Collected data entries:
========

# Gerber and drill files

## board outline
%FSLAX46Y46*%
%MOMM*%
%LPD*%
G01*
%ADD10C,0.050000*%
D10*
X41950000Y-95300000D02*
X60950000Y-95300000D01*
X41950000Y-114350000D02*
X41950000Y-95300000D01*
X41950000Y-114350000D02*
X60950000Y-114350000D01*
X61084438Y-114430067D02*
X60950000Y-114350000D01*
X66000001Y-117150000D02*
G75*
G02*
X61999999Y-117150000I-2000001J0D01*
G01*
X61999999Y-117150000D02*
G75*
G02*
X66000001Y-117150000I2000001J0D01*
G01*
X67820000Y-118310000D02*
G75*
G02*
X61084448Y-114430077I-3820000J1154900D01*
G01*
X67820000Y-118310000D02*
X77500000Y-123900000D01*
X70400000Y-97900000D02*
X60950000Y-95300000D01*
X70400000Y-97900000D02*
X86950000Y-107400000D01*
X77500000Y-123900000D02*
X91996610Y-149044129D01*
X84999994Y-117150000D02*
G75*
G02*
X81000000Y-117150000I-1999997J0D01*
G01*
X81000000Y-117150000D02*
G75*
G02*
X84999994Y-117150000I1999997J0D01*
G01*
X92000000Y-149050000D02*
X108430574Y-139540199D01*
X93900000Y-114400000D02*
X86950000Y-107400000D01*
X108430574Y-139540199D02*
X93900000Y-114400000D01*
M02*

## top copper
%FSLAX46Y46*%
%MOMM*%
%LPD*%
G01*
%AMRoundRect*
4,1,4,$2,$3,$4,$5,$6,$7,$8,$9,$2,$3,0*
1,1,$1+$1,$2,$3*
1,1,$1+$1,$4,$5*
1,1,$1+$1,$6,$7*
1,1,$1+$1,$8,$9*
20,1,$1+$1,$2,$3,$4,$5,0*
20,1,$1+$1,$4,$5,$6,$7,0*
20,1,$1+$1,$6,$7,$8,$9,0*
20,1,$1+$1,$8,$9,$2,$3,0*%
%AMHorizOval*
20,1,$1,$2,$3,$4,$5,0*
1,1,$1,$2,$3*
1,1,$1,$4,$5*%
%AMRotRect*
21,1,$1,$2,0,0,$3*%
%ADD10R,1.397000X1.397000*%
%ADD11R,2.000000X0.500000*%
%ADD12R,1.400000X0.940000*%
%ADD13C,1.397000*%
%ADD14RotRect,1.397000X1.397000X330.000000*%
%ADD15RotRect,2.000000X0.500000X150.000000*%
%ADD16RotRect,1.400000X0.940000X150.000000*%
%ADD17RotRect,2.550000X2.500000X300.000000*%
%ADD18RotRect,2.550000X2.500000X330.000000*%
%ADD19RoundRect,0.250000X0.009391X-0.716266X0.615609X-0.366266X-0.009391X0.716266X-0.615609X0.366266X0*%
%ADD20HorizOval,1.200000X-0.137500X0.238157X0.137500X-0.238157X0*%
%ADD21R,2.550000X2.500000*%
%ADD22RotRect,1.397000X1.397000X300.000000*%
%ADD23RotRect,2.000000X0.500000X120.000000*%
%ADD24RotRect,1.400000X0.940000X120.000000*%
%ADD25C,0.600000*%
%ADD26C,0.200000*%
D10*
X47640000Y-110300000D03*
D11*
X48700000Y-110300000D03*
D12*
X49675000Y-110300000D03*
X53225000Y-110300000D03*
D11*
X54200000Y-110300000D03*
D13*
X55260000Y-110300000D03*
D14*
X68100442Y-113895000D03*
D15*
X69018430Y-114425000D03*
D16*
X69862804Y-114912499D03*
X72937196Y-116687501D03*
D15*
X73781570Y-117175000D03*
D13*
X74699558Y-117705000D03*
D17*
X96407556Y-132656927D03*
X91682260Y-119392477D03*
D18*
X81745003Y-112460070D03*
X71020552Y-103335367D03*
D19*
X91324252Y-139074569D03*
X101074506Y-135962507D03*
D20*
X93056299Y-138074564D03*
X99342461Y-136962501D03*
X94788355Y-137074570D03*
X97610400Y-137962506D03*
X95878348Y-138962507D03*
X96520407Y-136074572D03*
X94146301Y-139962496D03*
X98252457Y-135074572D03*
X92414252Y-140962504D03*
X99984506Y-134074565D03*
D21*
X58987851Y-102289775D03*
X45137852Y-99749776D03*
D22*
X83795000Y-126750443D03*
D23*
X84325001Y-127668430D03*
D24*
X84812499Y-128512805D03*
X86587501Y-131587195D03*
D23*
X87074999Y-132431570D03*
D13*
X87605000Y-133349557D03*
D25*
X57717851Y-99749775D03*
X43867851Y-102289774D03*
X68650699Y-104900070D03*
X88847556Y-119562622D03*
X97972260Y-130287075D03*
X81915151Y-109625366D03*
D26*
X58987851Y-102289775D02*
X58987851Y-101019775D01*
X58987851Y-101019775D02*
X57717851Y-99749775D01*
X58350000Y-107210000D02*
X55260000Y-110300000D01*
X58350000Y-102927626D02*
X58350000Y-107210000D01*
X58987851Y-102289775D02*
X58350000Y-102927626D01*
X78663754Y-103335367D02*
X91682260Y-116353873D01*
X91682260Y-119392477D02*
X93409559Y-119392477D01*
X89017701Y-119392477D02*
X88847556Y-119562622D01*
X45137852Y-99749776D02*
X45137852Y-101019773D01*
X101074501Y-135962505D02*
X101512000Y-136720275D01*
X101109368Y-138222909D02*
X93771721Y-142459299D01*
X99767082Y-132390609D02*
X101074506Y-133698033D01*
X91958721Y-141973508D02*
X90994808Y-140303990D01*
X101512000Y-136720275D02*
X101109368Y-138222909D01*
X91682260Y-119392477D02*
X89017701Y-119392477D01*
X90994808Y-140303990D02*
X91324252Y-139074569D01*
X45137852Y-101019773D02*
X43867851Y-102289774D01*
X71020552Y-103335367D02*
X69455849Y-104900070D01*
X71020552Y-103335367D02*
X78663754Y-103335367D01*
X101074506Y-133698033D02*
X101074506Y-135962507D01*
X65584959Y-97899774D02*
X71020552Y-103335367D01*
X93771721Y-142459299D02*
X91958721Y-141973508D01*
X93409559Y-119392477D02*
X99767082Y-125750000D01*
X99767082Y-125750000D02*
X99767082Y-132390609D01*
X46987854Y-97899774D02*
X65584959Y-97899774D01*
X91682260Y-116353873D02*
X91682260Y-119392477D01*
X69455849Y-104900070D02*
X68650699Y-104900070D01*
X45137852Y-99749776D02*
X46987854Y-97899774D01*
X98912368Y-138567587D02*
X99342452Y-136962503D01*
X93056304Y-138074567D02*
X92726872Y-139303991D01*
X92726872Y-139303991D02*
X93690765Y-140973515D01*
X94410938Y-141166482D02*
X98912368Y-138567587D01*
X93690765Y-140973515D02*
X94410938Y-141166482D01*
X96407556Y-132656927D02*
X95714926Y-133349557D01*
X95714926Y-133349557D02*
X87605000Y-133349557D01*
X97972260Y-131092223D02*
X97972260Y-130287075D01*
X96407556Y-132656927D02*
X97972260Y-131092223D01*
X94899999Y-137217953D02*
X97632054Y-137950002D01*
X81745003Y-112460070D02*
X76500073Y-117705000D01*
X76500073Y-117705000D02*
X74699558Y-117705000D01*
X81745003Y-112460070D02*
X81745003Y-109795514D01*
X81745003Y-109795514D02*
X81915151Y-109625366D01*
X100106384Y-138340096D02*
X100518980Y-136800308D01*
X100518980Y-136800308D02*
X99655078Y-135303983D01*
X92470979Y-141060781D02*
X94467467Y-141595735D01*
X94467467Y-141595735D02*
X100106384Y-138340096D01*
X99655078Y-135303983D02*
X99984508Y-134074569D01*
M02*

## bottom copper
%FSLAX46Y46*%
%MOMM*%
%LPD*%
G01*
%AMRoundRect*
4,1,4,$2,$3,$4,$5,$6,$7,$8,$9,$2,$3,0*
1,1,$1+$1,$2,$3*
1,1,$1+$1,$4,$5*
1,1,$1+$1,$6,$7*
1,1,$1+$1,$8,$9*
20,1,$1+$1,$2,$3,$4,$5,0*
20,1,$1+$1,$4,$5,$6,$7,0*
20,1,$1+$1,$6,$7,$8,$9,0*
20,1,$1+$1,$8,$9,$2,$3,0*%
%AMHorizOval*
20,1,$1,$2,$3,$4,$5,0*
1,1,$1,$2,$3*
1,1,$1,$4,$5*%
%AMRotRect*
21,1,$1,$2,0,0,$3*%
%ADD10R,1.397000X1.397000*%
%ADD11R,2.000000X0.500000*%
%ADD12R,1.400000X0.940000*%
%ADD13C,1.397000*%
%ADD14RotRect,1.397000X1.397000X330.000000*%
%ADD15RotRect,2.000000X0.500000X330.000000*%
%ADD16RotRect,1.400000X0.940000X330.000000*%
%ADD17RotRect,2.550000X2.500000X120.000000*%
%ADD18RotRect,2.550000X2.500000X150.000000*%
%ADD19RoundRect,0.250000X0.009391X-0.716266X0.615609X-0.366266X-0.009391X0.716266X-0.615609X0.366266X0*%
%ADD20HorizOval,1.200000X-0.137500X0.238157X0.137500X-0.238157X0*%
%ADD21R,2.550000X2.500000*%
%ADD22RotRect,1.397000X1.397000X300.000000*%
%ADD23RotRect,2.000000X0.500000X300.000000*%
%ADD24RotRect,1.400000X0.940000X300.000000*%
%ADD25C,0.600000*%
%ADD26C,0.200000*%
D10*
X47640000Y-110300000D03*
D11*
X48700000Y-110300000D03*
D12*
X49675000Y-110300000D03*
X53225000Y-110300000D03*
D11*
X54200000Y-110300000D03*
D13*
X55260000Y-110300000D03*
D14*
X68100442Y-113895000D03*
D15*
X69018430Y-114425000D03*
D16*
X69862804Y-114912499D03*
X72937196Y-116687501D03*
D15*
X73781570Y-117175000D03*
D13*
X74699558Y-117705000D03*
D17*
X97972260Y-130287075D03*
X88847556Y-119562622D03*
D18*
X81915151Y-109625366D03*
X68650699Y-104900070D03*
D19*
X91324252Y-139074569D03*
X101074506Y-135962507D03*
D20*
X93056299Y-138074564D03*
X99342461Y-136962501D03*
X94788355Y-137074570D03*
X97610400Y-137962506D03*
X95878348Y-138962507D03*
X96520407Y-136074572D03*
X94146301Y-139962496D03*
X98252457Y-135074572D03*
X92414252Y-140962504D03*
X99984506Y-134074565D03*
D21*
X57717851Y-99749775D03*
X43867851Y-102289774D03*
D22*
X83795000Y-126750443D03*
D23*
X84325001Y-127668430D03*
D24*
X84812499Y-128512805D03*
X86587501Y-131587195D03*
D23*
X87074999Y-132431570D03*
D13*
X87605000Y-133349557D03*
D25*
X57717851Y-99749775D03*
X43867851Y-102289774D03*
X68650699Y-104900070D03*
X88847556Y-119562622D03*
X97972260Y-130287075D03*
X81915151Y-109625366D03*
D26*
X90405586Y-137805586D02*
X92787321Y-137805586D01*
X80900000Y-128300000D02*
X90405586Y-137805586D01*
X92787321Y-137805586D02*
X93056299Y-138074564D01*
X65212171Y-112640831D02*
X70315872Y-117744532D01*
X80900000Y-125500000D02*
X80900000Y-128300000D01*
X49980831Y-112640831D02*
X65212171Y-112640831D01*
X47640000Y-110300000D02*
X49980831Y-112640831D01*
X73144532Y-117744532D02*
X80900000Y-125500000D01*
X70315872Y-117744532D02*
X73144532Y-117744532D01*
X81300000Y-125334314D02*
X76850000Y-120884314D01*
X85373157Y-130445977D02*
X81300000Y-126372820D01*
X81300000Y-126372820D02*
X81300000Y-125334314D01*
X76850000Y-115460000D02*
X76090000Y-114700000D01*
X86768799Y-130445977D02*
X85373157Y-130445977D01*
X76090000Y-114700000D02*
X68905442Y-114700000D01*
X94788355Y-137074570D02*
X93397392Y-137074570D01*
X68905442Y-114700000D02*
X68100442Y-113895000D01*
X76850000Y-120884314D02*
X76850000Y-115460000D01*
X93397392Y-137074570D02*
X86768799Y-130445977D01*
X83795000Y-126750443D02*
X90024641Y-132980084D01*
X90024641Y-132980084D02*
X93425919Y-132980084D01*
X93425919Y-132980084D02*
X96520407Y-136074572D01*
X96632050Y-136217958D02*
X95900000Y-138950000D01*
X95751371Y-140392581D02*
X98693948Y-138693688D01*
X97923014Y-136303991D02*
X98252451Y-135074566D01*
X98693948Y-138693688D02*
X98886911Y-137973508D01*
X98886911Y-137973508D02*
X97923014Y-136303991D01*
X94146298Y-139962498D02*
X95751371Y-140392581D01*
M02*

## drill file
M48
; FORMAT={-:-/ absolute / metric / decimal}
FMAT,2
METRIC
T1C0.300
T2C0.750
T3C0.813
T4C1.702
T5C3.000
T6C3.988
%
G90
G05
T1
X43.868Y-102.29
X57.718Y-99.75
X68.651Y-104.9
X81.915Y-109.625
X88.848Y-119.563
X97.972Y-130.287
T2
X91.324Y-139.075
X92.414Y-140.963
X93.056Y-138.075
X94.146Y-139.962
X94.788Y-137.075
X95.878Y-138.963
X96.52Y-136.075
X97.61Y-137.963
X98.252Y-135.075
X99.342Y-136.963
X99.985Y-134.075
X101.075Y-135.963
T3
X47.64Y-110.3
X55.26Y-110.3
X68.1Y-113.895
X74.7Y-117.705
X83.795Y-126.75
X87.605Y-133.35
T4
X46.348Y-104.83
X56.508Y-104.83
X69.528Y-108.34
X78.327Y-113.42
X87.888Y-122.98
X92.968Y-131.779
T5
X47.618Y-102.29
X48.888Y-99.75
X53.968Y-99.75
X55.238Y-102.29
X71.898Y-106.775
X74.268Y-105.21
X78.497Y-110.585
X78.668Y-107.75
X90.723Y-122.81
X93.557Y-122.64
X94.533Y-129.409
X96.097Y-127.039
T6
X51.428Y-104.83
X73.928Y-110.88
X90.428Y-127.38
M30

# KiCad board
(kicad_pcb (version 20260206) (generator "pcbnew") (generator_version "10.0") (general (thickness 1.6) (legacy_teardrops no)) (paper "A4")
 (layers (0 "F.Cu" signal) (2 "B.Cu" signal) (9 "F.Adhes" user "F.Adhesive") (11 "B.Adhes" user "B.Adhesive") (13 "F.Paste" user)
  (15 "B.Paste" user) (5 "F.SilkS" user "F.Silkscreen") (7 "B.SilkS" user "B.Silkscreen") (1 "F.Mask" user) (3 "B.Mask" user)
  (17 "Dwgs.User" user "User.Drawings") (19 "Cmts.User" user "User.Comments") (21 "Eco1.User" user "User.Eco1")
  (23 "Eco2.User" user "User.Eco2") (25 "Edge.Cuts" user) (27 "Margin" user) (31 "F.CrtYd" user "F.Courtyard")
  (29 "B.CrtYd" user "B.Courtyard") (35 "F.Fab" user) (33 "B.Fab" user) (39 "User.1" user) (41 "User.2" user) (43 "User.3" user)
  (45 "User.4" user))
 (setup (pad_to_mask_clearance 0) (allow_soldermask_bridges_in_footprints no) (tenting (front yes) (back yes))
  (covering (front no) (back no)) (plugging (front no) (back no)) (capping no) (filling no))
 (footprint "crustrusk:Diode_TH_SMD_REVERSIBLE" (layer "F.Cu") (at 51.45 110.3)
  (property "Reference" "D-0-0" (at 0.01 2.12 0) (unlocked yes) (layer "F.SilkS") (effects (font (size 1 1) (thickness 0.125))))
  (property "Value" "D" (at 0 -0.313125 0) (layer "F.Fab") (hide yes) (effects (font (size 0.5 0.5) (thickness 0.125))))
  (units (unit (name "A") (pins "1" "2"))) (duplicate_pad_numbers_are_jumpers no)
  (pad "1" thru_hole rect (at -3.81 0) (size 1.397 1.397) (drill 0.8128) (layers "*.Cu" "*.Mask") (remove_unused_layers no) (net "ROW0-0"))
  (pad "1" smd rect (at -2.75 0 180) (size 2 0.5) (layers "F.Cu") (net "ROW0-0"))
  (pad "1" smd rect (at -2.75 0) (size 2 0.5) (layers "B.Cu") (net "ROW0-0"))
  (pad "1" smd rect (at -1.775 0 180) (size 1.4 0.94) (layers "F.Cu" "F.Mask" "F.Paste") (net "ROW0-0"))
  (pad "1" smd rect (at -1.775 0) (size 1.4 0.94) (layers "B.Cu" "B.Mask" "B.Paste") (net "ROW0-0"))
  (pad "2" smd rect (at 1.775 0 180) (size 1.4 0.94) (layers "F.Cu" "F.Mask" "F.Paste") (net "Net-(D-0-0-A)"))
  (pad "2" smd rect (at 1.775 0) (size 1.4 0.94) (layers "B.Cu" "B.Mask" "B.Paste") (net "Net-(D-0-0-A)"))
  (pad "2" smd rect (at 2.75 0 180) (size 2 0.5) (layers "F.Cu") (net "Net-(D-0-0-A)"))
  (pad "2" smd rect (at 2.75 0) (size 2 0.5) (layers "B.Cu") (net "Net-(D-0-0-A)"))
  (pad "2" thru_hole circle (at 3.81 0) (size 1.397 1.397) (drill 0.8128) (layers "*.Cu" "*.Mask") (remove_unused_layers no)
   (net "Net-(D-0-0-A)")))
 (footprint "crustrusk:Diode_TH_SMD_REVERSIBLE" (layer "F.Cu") (at 71.4 115.8 -30)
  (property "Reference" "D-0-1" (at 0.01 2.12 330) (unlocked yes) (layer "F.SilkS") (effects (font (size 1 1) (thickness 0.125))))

========

◆ **WORK ITEM**: Beginning at the line with "X91958721Y-141973508D02*" and ending at the line with "X93409559Y-119392477D02*", reproduce each line of the data above exactly, and add no other lines.

◆ **REPLY TO THE TASK**:
X91958721Y-141973508D02*
X90994808Y-140303990D01*
X101512000Y-136720275D02*
X101109368Y-138222909D01*
X91682260Y-119392477D02*
X89017701Y-119392477D01*
X90994808Y-140303990D02*
X91324252Y-139074569D01*
X45137852Y-101019773D02*
X43867851Y-102289774D01*
X71020552Y-103335367D02*
X69455849Y-104900070D01*
X71020552Y-103335367D02*
X78663754Y-103335367D01*
X101074506Y-133698033D02*
X101074506Y-135962507D01*
X65584959Y-97899774D02*
X71020552Y-103335367D01*
X93771721Y-142459299D02*
X91958721Y-141973508D01*
X93409559Y-119392477D02*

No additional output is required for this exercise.